I hunt till the end of the season. They are very active in cold weather.


----------



## icingdeath (Jun 2, 2010)

nice hour out yesterday.just need snow!!


----------



## snag (Dec 27, 2005)

I was going to go today before the weather changes but ran out of time , so got a pic of a black the dogs treed in the yard, didn ,t have heart to get the nitro out and pop him , I can get him another time when neighbors aren,t out..

















Sent from my iPhone using Ohub Campfire


----------



## Bwana J (Sep 12, 2010)

icingdeath said:


> nice hour out yesterday.just need snow!!


Nice tree rats Ice. Like the rifle, if I laid mine beside yours you'd have to look real hard to tell any difference between them. I saw more squirrels during this deer season than I've ever seen before.


----------



## jonnythfisherteen2 (Mar 5, 2011)

Was out this weekend, saw about 4 squirrels during my outing, shot 2 but lost them due to bad patterning yhanks to the improved cylinder choke on my A500R. Going out next time with the mod choke winchester m120.


----------



## icingdeath (Jun 2, 2010)

so would our rats too Bwana!!!lol!!!only using a .22 from now on.little meat damage and long shots!!


----------



## chadwimc (Jun 27, 2007)

I was out this morning with my new, bestest hunting buddy. My great nephew...
Saw a few. Shot one that ran into a hole in the tree.


----------



## canoe carp killer (Apr 2, 2014)

chadwimc said:


> I was out this morning with my new, bestest hunting buddy. My great nephew...
> 
> Saw a few. Shot one that ran into a hole in the tree.

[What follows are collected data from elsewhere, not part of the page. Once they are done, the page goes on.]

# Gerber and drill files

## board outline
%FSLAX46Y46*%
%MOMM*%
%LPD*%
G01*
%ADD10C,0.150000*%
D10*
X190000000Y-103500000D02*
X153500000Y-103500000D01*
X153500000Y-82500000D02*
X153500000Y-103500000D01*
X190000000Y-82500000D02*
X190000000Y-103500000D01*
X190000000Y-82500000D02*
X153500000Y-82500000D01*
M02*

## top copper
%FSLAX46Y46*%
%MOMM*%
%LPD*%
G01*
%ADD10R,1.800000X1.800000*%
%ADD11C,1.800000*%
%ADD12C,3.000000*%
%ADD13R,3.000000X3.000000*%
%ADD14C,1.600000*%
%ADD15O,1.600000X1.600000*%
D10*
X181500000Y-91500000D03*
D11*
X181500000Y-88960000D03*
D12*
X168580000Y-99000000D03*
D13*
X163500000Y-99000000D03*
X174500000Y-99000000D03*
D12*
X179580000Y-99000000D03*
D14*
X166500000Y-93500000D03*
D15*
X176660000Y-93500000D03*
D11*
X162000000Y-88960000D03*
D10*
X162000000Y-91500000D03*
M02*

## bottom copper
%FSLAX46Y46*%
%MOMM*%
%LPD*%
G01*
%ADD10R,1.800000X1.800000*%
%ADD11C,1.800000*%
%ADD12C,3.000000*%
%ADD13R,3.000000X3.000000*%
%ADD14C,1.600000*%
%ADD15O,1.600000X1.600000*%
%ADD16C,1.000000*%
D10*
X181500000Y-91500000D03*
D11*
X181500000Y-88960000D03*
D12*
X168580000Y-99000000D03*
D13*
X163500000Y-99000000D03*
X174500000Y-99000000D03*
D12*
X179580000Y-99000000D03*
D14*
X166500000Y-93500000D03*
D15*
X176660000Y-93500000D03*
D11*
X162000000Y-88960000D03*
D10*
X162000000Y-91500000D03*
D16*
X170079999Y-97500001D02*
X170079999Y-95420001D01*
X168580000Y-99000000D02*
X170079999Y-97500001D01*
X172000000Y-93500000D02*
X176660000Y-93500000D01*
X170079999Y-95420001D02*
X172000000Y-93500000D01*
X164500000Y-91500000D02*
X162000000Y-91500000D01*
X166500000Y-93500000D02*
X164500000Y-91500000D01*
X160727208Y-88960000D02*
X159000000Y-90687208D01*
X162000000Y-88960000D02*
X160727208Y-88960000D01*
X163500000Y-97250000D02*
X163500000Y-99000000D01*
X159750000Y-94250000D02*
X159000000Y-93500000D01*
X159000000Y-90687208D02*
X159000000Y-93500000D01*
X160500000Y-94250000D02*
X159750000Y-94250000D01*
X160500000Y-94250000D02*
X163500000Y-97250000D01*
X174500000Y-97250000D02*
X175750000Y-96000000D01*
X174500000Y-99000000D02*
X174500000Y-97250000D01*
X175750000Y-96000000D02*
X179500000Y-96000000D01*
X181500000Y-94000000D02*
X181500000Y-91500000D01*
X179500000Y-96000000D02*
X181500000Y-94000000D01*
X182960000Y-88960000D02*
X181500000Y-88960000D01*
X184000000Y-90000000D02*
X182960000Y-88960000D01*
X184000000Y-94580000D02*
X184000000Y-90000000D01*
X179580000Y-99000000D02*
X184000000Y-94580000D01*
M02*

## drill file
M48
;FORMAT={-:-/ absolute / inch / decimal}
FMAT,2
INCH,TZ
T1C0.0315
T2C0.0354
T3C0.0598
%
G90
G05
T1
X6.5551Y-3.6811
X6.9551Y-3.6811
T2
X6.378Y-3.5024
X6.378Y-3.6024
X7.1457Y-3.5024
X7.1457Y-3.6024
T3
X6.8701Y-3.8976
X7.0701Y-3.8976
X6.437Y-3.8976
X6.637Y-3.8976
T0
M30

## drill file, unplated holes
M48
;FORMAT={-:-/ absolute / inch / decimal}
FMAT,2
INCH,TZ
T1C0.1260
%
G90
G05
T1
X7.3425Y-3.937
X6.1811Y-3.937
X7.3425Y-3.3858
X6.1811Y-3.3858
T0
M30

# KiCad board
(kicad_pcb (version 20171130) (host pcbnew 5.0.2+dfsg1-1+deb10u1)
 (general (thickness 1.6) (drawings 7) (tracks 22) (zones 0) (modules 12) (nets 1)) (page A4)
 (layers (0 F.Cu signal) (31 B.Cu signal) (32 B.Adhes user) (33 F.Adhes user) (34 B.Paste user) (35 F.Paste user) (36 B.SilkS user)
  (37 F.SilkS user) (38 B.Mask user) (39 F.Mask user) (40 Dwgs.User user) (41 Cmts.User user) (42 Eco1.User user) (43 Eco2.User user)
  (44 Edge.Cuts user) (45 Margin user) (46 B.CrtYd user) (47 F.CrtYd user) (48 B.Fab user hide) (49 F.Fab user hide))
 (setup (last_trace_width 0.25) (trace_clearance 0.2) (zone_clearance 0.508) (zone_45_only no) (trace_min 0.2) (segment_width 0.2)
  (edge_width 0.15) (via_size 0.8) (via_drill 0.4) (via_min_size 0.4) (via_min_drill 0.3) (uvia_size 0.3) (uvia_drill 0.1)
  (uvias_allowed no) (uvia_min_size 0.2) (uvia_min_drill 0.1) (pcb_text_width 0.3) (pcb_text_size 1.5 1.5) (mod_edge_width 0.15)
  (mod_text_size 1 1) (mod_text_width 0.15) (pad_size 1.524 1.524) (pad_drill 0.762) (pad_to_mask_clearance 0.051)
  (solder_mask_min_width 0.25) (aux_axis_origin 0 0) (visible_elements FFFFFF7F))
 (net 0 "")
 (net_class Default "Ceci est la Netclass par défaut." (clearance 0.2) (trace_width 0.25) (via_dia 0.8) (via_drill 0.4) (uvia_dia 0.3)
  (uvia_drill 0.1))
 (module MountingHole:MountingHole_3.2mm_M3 (layer F.Cu) (at 157 100)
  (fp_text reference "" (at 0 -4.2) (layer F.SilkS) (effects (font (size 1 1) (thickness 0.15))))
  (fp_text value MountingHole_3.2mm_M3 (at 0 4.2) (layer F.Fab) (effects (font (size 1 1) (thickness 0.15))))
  (pad 1 np_thru_hole circle (at 0 0) (size 3.2 3.2) (drill 3.2) (layers *.Cu *.Mask)))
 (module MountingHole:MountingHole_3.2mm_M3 (layer F.Cu) (at 186.5 100)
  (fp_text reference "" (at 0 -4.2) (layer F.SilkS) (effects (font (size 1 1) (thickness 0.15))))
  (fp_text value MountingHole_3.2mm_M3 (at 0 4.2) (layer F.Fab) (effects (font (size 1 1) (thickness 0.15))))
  (pad 1 np_thru_hole circle (at 0 0) (size 3.2 3.2) (drill 3.2) (layers *.Cu *.Mask)))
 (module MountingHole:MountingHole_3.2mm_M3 (layer F.Cu) (at 186.5 86)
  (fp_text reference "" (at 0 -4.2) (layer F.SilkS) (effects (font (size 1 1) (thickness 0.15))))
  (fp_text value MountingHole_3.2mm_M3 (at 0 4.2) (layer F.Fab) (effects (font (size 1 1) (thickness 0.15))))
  (pad 1 np_thru_hole circle (at 0 0) (size 3.2 3.2) (drill 3.2) (layers *.Cu *.Mask)))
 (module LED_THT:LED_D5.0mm (layer F.Cu) (at 181.5 91.5 90)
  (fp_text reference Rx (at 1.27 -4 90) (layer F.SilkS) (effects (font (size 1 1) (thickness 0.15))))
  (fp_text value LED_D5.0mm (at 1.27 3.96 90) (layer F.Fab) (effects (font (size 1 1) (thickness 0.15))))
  (pad 1 thru_hole rect (at 0 0 90) (size 1.8 1.8) (drill 0.9) (layers *.Cu *.Mask))
  (pad 2 thru_hole circle (at 2.54 0 90) (size 1.8 1.8) (drill 0.9) (layers *.Cu *.Mask)))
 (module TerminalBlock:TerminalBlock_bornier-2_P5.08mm (layer F.Cu) (at 163.5 99)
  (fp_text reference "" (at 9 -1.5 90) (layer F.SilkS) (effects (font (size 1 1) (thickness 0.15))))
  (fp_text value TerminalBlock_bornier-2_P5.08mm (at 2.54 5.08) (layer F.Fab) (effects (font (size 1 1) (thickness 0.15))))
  (pad 2 thru_hole circle (at 5.08 0) (size 3 3) (drill 1.52) (layers *.Cu *.Mask))
  (pad 1 thru_hole rect (at 0 0) (size 3 3) (drill 1.52) (layers *.Cu *.Mask)))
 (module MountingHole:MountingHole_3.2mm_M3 (layer F.Cu) (at 157 86)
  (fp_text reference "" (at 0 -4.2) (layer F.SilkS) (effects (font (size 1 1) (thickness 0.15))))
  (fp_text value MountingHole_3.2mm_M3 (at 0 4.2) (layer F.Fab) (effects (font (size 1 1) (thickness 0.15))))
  (pad 1 np_thru_hole circle (at 0 0) (size 3.2 3.2) (drill 3.2) (layers *.Cu *.Mask)))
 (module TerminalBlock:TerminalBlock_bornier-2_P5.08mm (layer F.Cu) (at 174.5 99)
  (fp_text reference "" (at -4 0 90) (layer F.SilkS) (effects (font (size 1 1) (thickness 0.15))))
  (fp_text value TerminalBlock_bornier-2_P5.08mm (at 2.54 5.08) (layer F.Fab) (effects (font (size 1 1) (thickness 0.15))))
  (pad 1 thru_hole rect (at 0 0) (size 3 3) (drill 1.52) (layers *.Cu *.Mask))
  (pad 2 thru_hole circle (at 5.08 0) (size 3 3) (drill 1.52) (layers *.Cu *.Mask)))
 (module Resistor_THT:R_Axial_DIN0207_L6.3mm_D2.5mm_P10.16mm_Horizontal (layer F.Cu) (at 166.5 93.5)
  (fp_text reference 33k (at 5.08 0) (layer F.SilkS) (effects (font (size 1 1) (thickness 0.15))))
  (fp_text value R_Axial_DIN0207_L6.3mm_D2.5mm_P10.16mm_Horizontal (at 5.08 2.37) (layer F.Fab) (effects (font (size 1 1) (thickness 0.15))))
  (pad 1 thru_hole circle (at 0 0) (size 1.6 1.6) (drill 0.8) (layers *.Cu *.Mask))
  (pad 2 thru_hole oval (at 10.16 0) (size 1.6 1.6) (drill 0.8) (layers *.Cu *.Mask)))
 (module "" (layer F.Cu) (at 72 144.5)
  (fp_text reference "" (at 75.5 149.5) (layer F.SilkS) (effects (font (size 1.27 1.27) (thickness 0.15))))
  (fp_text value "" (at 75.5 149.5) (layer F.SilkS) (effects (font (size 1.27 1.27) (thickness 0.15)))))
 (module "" (layer F.Cu) (at 45.5 145)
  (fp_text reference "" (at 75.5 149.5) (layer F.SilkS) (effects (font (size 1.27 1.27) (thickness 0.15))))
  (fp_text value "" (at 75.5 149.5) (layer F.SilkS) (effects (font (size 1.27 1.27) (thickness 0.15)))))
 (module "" (layer F.Cu) (at 80 110.5)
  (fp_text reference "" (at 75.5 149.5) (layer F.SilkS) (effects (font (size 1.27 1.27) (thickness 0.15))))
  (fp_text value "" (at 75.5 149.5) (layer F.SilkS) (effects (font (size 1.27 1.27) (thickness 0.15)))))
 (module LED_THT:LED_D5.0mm (layer F.Cu) (at 162 91.5 90)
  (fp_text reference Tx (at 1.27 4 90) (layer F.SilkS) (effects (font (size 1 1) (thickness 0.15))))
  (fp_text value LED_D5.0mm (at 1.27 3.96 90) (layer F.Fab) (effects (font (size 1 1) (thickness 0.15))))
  (pad 2 thru_hole circle (at 2.54 0 90) (size 1.8 1.8) (drill 0.9) (layers *.Cu *.Mask))
  (pad 1 thru_hole rect (at 0 0 90) (size 1.8 1.8) (drill 0.9) (layers *.Cu *.Mask)))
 (gr_line (start 190 103.5) (end 153.5 103.5) (layer Edge.Cuts) (width 0.15))
 (gr_line (start 153.5 82.5) (end 153.5 103.5) (layer Edge.Cuts) (width 0.15))
 (gr_line (start 190 82.5) (end 190 103.5) (layer Edge.Cuts) (width 0.15))
 (gr_line (start 190 82.5) (end 153.5 82.5) (layer Edge.Cuts) (width 0.15))
 (segment (start 170.079999 97.500001) (end 170.079999 95.420001) (width 1) (layer B.Cu) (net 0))
 (segment (start 168.58 99) (end 170.079999 97.500001) (width 1) (layer B.Cu) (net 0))
 (segment (start 172 93.5) (end 176.66 93.5) (width 1) (layer B.Cu) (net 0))
 (segment (start 170.079999 95.420001) (end 172 93.5) (width 1) (layer B.Cu) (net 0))
 (segment (start 164.5 91.5) (end 162 91.5) (width 1) (layer B.Cu) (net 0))
 (segment (start 166.5 93.5) (end 164.5 91.5) (width 1) (layer B.Cu) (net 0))
 (segment (start 160.727208 88.96) (end 159 90.687208) (width 1) (layer B.Cu) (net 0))
 (segment (start 162 88.96) (end 160.727208 88.96) (width 1) (layer B.Cu) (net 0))
 (segment (start 163.5 97.25) (end 163.5 99) (width 1) (layer B.Cu) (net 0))
 (segment (start 159.75 94.25) (end 159 93.5) (width 1) (layer B.Cu) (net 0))
 (segment (start 159 90.687208) (end 159 93.5) (width 1) (layer B.Cu) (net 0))
 (segment (start 160.5 94.25) (end 159.75 94.25) (width 1) (layer B.Cu) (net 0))
 (segment (start 160.5 94.25) (end 163.5 97.25) (width 1) (layer B.Cu) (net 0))
 (segment (start 174.5 97.25) (end 175.75 96) (width 1) (layer B.Cu) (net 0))
 (segment (start 174.5 99) (end 174.5 97.25) (width 1) (layer B.Cu) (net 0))
 (segment (start 175.75 96) (end 179.5 96) (width 1) (layer B.Cu) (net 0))
 (segment (start 181.5 94) (end 181.5 91.5) (width 1) (layer B.Cu) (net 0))
 (segment (start 179.5 96) (end 181.5 94) (width 1) (layer B.Cu) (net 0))
 (segment (start 182.96 88.96) (end 181.5 88.96) (width 1) (layer B.Cu) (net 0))
 (segment (start 184 90) (end 182.96 88.96) (width 1) (layer B.Cu) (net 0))
 (segment (start 184 94.58) (end 184 90) (width 1) (layer B.Cu) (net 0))
 (segment (start 179.58 99) (end 184 94.58) (width 1) (layer B.Cu) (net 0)))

Very cool!! Only question is why is his face blocked out? I was gonna send u a pm and then saw your location u added is earth lol. I'm paranoid, but I guess I'm doing pretty well!!



Sent from my iPhone using Ohub Campfire


----------



## jonnythfisherteen2 (Mar 5, 2011)

icingdeath said:


> so would our rats too Bwana!!!lol!!!only using a .22 from now on.little meat damage and long shots!!

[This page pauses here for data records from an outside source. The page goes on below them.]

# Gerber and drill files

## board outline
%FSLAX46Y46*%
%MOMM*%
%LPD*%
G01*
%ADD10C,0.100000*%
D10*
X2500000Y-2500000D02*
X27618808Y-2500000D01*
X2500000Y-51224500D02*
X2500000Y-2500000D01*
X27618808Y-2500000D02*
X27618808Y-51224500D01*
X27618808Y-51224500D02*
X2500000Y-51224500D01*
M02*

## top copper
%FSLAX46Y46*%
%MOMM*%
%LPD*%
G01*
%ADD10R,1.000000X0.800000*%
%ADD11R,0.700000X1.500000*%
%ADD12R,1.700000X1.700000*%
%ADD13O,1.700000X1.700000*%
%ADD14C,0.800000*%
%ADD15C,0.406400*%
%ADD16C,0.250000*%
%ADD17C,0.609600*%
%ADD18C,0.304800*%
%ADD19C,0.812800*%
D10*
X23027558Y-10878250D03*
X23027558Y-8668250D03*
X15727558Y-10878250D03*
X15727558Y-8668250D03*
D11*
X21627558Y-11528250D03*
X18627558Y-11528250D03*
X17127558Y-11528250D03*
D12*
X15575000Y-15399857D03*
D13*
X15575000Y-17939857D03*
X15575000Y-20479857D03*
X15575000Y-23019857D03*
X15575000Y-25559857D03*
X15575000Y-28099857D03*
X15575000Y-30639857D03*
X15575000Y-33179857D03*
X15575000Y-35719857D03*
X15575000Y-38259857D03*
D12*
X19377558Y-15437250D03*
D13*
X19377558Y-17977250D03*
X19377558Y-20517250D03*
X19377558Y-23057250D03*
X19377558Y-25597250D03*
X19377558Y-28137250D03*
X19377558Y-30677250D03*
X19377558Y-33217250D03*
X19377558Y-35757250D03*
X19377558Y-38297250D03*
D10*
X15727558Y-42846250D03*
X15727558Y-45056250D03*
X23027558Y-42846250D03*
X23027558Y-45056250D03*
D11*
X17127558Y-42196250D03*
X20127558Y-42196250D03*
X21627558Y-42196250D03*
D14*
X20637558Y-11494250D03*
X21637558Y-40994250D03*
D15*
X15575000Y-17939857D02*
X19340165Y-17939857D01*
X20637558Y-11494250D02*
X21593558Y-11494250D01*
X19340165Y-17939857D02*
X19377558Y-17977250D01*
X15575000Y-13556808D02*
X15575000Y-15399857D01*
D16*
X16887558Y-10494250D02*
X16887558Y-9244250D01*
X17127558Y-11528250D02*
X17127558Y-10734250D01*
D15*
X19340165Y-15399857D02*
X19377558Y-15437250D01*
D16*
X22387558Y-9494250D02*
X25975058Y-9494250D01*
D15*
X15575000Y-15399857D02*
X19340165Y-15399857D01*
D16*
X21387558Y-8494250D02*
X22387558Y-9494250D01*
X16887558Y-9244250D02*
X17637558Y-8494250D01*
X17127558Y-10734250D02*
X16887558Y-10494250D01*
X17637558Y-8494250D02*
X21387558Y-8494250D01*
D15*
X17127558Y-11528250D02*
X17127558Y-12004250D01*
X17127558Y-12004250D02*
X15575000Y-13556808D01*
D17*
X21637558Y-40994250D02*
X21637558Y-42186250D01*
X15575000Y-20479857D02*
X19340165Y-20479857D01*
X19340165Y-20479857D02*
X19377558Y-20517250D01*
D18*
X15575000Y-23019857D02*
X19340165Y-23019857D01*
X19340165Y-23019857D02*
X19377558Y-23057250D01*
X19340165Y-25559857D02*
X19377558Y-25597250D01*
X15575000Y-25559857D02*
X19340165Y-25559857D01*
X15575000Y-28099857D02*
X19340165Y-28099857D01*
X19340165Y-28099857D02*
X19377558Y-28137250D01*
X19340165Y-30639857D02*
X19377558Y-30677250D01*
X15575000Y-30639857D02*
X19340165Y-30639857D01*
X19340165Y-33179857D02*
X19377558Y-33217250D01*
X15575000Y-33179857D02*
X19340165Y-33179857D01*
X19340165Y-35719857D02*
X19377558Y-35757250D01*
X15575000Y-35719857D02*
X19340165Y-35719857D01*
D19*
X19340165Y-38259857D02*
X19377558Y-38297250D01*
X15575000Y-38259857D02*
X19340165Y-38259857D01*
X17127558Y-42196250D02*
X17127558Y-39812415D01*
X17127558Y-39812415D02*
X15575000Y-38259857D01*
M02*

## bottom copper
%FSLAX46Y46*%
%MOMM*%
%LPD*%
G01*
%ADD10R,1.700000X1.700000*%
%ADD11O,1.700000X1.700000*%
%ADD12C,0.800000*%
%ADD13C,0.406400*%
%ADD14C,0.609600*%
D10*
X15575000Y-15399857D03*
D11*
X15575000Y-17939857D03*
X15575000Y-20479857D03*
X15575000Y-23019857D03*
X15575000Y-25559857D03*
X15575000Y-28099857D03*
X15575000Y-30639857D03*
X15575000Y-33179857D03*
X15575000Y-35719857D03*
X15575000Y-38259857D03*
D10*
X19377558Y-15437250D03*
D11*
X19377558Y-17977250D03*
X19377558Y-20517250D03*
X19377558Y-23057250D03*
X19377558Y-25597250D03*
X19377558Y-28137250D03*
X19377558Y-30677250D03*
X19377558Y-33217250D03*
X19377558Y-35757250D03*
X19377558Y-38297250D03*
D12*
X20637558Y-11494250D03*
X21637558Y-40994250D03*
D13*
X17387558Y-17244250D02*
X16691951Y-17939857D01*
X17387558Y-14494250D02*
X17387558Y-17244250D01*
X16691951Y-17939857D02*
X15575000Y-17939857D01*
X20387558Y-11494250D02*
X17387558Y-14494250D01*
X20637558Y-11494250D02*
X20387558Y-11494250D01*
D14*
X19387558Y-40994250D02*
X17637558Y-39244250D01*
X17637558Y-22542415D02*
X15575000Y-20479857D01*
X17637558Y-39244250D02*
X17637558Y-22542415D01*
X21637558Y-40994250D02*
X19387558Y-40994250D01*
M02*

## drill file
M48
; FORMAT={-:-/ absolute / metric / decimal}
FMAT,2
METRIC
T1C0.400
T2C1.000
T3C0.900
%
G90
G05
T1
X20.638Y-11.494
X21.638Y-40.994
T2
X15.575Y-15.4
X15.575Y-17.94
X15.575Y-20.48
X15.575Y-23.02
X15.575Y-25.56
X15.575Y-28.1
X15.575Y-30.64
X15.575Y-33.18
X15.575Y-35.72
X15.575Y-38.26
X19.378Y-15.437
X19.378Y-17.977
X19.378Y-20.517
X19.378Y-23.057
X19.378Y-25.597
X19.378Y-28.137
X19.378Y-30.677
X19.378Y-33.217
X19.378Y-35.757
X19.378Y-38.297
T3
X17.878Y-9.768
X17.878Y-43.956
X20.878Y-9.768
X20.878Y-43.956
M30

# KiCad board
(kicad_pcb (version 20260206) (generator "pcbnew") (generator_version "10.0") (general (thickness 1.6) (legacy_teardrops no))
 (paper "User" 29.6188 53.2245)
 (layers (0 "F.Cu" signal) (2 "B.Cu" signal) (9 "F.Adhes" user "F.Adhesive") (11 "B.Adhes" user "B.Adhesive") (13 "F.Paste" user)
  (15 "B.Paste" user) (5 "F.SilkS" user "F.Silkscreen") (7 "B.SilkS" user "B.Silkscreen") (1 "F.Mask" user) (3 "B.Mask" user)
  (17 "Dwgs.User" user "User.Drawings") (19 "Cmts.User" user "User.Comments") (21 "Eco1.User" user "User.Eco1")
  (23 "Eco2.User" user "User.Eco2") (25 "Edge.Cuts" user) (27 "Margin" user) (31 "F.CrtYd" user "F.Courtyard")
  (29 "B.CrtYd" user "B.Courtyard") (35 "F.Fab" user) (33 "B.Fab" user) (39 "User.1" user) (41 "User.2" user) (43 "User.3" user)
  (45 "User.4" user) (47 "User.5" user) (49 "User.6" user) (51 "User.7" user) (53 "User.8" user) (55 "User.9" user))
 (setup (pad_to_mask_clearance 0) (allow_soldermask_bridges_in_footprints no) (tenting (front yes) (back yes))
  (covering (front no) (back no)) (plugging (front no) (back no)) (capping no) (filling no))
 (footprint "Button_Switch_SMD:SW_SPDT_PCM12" (layer "F.Cu") (at 19.377558 10.09825 180)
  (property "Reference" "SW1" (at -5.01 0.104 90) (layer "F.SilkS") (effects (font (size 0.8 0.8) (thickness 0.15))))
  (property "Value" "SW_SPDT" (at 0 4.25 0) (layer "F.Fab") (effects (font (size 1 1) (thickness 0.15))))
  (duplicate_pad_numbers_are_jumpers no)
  (pad "" smd rect (at -3.65 -0.78 180) (size 1 0.8) (layers "F.Cu" "F.Mask" "F.Paste"))
  (pad "" smd rect (at -3.65 1.43 180) (size 1 0.8) (layers "F.Cu" "F.Mask" "F.Paste"))
  (pad "" np_thru_hole circle (at -1.5 0.33 180) (size 0.9 0.9) (drill 0.9) (layers "*.Cu" "*.Mask"))
  (pad "" np_thru_hole circle (at 1.5 0.33 180) (size 0.9 0.9) (drill 0.9) (layers "*.Cu" "*.Mask"))
  (pad "" smd rect (at 3.65 -0.78 180) (size 1 0.8) (layers "F.Cu" "F.Mask" "F.Paste"))
  (pad "" smd rect (at 3.65 1.43 180) (size 1 0.8) (layers "F.Cu" "F.Mask" "F.Paste"))
  (pad "1" smd rect (at -2.25 -1.43 180) (size 0.7 1.5) (layers "F.Cu" "F.Mask" "F.Paste") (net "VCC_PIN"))
  (pad "2" smd rect (at 0.75 -1.43 180) (size 0.7 1.5) (layers "F.Cu" "F.Mask" "F.Paste") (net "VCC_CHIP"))
  (pad "3" smd rect (at 2.25 -1.43 180) (size 0.7 1.5) (layers "F.Cu" "F.Mask" "F.Paste") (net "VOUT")))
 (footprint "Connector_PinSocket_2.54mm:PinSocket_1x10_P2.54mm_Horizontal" (layer "F.Cu") (at 15.575 15.399857)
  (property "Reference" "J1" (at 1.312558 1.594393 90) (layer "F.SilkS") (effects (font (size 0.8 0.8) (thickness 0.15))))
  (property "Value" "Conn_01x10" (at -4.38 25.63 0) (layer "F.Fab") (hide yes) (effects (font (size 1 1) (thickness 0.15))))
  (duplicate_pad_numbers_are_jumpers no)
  (pad "1" thru_hole rect (at 0 0) (size 1.7 1.7) (drill 1) (layers "*.Cu" "*.Mask") (remove_unused_layers no) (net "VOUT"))
  (pad "2" thru_hole oval (at 0 2.54) (size 1.7 1.7) (drill 1) (layers "*.Cu" "*.Mask") (remove_unused_layers no) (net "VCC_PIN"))
  (pad "3" thru_hole oval (at 0 5.08) (size 1.7 1.7) (drill 1) (layers "*.Cu" "*.Mask") (remove_unused_layers no) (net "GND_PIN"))
  (pad "4" thru_hole oval (at 0 7.62) (size 1.7 1.7) (drill 1) (layers "*.Cu" "*.Mask") (remove_unused_layers no) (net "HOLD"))
  (pad "5" thru_hole oval (at 0 10.16) (size 1.7 1.7) (drill 1) (layers "*.Cu" "*.Mask") (remove_unused_layers no) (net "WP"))
  (pad "6" thru_hole oval (at 0 12.7) (size 1.7 1.7) (drill 1) (layers "*.Cu" "*.Mask") (remove_unused_layers no) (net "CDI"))
  (pad "7" thru_hole oval (at 0 15.24) (size 1.7 1.7) (drill 1) (layers "*.Cu" "*.Mask") (remove_unused_layers no) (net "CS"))
  (pad "8" thru_hole oval (at 0 17.78) (size 1.7 1.7) (drill 1) (layers "*.Cu" "*.Mask") (remove_unused_layers no) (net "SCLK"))
  (pad "9" thru_hole oval (at 0 20.32) (size 1.7 1.7) (drill 1) (layers "*.Cu" "*.Mask") (remove_unused_layers no) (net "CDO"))
  (pad "10" thru_hole oval (at 0 22.86) (size 1.7 1.7) (drill 1) (layers "*.Cu" "*.Mask") (remove_unused_layers no) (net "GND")))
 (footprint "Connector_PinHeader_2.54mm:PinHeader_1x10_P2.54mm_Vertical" (layer "F.Cu") (at 19.377558 15.43725)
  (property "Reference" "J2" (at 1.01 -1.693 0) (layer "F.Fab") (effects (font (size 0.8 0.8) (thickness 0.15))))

Meat damage doesnt happen if you take shots at the right distance amd as I learned, with the right choke. Too much at too close and that squirrel is gonna get chewed up. Too little choke at too long and it survives.


----------



## chadwimc (Jun 27, 2007)

canoe carp killer said:


> Very cool!! Only question is why is his face blocked out? I was gonna send u a pm and then saw your location u added is earth lol. I'm paranoid, but I guess I'm doing pretty well!!
> 
> 
> 
> Sent from my iPhone using Ohub Campfire


His face is blocked cuz' he's not my kid...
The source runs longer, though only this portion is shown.